Methods

Feature Generation and Selection

Feature Generation

Features generated can be categorized into time features and action features, as summarized in Table 1. Four Time features were created: T_time, A_time, S_time, and E_time, indicating total response time, action time spent in process, starting time spent on first action, and ending time spent on last action, respectively. It was assumed that students with different ability levels may differ in the time they read the question (starting time spent on first action), the time they spent during the response (action time spent in process), and the time they used to make final decision (ending time spent on last action). Different researchers have proposed various joint modeling approaches for both response accuracy and response times, which explain the relationship between the two. Thus, the total response times are expected to differ as well.
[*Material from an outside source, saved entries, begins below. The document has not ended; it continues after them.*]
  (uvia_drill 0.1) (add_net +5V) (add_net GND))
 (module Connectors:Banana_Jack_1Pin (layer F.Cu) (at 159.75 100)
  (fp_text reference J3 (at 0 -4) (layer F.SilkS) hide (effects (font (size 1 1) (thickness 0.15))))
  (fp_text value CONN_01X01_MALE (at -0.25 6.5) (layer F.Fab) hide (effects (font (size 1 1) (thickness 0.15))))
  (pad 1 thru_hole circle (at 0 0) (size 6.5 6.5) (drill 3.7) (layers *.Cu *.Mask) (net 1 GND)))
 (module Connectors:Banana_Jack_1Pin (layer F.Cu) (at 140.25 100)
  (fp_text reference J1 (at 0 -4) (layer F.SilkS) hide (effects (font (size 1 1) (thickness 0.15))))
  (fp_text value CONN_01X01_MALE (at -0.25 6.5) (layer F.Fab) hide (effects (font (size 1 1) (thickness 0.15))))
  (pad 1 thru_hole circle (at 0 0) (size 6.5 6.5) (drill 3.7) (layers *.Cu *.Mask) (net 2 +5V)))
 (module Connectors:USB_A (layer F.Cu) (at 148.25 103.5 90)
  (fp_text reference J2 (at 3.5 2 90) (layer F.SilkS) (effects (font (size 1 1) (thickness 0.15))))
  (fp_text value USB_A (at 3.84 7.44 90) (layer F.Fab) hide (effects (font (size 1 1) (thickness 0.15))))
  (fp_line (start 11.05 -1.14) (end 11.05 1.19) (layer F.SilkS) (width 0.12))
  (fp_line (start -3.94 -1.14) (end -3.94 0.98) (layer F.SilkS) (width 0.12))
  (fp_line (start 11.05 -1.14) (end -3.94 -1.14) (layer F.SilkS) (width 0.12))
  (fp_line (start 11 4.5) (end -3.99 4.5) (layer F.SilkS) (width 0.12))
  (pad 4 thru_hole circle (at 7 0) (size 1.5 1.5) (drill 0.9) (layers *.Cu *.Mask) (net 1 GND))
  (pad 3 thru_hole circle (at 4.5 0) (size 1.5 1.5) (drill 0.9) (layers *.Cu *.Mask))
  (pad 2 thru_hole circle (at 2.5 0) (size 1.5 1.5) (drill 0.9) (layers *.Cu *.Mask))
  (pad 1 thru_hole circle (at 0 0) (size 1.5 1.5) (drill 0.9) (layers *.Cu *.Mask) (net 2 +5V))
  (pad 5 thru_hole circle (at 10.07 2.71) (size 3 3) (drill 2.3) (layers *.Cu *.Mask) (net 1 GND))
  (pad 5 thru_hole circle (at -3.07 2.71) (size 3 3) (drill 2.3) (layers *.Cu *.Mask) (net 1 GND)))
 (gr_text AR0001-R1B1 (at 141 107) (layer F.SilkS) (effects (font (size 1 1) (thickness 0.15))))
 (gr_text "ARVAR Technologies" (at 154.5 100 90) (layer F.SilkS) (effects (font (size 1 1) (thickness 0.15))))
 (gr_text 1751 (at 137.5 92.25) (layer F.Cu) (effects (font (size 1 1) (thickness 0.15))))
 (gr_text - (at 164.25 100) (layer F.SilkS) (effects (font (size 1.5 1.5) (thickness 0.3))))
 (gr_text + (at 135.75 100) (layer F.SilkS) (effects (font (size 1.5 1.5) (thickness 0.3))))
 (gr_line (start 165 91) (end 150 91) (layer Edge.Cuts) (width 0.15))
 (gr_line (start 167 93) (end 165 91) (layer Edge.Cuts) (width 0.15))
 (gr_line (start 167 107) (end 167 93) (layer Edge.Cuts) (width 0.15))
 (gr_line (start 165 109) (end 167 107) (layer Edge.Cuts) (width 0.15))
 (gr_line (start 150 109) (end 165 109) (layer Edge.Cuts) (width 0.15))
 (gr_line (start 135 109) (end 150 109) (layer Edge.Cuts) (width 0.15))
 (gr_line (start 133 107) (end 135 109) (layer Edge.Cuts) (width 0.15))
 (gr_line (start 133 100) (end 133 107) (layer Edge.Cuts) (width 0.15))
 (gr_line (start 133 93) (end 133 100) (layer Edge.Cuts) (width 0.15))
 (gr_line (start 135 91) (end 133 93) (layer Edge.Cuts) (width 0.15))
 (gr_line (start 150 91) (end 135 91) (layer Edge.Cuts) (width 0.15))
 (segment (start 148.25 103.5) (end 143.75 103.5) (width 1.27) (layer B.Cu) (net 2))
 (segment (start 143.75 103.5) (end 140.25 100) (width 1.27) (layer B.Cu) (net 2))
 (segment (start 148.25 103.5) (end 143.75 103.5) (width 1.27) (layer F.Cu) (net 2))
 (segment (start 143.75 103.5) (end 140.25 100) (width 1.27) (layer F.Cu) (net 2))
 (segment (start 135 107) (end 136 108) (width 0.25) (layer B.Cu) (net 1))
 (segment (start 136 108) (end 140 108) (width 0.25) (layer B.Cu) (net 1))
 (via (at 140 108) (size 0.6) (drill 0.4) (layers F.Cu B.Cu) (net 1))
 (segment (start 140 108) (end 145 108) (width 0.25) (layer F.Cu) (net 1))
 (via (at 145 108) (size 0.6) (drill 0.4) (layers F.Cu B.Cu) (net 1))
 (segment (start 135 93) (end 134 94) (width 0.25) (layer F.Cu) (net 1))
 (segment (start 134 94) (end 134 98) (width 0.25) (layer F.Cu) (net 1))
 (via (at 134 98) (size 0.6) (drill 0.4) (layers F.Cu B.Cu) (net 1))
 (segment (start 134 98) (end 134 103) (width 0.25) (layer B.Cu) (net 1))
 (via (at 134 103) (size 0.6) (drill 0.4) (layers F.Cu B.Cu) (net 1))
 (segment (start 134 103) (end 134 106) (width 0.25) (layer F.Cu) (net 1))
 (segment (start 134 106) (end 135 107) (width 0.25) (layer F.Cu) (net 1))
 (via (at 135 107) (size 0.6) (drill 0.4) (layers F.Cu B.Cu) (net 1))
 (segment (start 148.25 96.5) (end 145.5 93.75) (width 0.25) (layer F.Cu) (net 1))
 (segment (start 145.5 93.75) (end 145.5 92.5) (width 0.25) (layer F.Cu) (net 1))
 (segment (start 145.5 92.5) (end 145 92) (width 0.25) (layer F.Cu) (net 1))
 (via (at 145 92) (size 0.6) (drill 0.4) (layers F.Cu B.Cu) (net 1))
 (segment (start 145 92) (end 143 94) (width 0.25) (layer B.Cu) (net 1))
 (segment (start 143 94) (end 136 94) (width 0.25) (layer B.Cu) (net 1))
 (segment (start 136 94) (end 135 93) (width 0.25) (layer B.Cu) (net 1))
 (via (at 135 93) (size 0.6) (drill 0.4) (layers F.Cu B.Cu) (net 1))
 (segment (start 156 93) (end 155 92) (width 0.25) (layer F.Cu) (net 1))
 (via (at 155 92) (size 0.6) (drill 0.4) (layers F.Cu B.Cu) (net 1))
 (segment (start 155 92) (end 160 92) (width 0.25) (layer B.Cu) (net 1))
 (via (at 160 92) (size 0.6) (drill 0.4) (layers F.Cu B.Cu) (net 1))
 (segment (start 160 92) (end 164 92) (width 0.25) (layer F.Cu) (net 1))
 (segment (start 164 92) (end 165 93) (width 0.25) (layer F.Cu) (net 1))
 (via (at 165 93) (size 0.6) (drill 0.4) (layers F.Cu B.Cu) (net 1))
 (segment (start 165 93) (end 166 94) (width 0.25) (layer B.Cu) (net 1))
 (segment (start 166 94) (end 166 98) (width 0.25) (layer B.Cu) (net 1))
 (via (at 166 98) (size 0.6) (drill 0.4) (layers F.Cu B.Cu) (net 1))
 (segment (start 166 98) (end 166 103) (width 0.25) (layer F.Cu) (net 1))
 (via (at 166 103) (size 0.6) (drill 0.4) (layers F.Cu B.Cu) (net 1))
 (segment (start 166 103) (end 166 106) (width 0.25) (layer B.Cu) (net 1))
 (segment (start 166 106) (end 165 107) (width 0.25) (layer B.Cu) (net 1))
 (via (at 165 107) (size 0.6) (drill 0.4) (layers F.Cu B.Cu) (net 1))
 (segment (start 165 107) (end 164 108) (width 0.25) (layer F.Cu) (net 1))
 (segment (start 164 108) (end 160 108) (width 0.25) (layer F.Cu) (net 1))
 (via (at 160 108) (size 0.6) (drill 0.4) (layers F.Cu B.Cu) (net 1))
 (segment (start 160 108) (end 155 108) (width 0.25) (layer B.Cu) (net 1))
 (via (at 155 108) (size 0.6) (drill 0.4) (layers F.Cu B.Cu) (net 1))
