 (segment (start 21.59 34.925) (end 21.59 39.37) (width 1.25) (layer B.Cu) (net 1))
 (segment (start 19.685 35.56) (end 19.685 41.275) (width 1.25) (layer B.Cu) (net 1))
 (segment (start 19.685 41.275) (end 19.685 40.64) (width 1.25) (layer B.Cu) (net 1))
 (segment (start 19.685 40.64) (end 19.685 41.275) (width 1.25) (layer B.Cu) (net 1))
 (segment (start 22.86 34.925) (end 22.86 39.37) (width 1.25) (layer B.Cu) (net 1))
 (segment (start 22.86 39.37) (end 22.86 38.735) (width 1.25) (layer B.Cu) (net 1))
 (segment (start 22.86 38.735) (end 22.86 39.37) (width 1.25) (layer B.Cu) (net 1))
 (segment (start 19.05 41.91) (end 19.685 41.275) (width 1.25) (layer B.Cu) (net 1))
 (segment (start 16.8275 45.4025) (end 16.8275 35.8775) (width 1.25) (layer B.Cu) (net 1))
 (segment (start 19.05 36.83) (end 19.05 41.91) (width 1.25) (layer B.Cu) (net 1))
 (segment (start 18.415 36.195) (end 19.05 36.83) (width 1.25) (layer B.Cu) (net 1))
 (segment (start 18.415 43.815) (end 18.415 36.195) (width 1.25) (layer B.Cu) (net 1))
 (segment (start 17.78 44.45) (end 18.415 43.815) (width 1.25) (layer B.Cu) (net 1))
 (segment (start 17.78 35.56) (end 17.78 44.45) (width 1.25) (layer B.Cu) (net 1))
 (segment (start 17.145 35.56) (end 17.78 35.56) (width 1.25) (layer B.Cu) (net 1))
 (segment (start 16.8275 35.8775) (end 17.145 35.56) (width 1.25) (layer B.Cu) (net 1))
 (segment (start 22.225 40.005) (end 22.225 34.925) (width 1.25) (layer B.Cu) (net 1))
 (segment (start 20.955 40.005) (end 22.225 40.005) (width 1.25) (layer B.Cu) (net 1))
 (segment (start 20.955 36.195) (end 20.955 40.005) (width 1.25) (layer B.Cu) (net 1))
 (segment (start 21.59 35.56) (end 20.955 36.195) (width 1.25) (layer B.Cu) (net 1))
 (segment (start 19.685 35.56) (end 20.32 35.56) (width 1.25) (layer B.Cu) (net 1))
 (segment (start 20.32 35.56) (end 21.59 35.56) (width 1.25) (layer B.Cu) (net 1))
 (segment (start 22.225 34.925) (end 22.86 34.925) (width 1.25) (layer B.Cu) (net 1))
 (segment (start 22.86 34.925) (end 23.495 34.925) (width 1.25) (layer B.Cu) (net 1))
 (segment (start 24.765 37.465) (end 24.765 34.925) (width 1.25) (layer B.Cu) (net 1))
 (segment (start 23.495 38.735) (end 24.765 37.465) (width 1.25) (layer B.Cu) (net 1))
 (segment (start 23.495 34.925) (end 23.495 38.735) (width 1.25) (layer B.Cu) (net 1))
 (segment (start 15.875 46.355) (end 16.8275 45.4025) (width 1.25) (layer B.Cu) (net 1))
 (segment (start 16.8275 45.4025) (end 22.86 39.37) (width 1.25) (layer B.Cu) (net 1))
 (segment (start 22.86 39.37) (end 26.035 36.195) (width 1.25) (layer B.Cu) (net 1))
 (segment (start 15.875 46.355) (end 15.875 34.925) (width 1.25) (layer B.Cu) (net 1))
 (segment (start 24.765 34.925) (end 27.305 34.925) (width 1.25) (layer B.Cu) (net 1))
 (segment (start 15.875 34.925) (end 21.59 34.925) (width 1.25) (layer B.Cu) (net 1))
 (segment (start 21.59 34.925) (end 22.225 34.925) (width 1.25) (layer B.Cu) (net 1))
However, in this study, action features were created by coding different lengths of adjacent action sequences together. Thus, this study generated 12 action features consisting of only one action (unigrams), 18 action features containing two ordered adjacent actions (bigrams), and 2 action features created from four sequential actions (four-grams). Further, all action sequences generated were assumed to have equal importance and no weights were assigned to each action sequence. In Table 1, "concession" is a unigram, consisting of only one action, that is, the student bought the concession fare; on the other hand, "S_city" is a bigram, consisting of two actions, which are "Start" and "city subway," representing the student selected the city subway ticket after starting the item.

Sao Pedro et al. showed that features generated should be theoretically important to the construct to achieve better interpretability and efficiency. Following their suggestion, features were generated as the indicators of the problem-solving ability measured by this item, which is supported by the scoring rubric. For example, one action sequence consisted of four actions, which was coded as "city_con_daily_cancel," is crucial to scoring. If the student first chose "city_subway" to tour the city, then used the student's concession fare ("concession"), looked at the price of daily pass ("daily") next and lastly, he/she clicked "Cancel" to see the other option, this action sequence is necessary but not sufficient for a full credit.

The final recoded dataset for analysis is made up of 426 students as rows and 36 features (including 32 action sequence features and 4 time features) as columns. Scores for each student served as known labels when applying supervised learning methods. The frequency of each generated action feature was calculated for each student.


Feature Selection

The selection of features should base on both theoretical framework and the algorithms used. As features were generated from a purely theoretical perspective in this study, no such consideration is needed in feature selection.

Two other issues that need consideration are redundant variables and variables with little variance. Tree-based methods handle these two issues well and have built-in mechanisms for feature selection. The feature importance indicated by tree-based methods are shown in Figure 3. In both random forest and gradient boosting, the most important one is "city_con_daily_cancel." The next important one is "other_buy," which means the student did not choose trip_4 before the action "Buy." The feature importance indicated by tree-based methods is especially helpful when selection has to be made among hundreds of features. It can help to narrow down the number of features to track, analyze, and interpret. The classification accuracy of the support vector machine (SVM) is reduced due to redundant variables. However, given the number of features (36) is relatively small in the current study, deleting highly correlated variables (ρ≥ 0.8) did not improve classification accuracy for SVM.

Figure 3. Feature importance indicated by tree-based methods.



Clustering algorithms are affected by variables with near zero variance. Fossey and Kerr et al. discarded variables with 5 or fewer attempts in their studies. However, their data were binary and no clear-cut criterion exists for feature elimination when using cluster algorithms in the analysis of process data. In the current study, 5 features with variance no >0.09 in both training and test dataset were removed to achieve optimal classification results.

In summary, a full set of features (36) were retained in the tree-based methods and SVM while 31 features were selected for SOM and k-means after the deletion of features with little variance.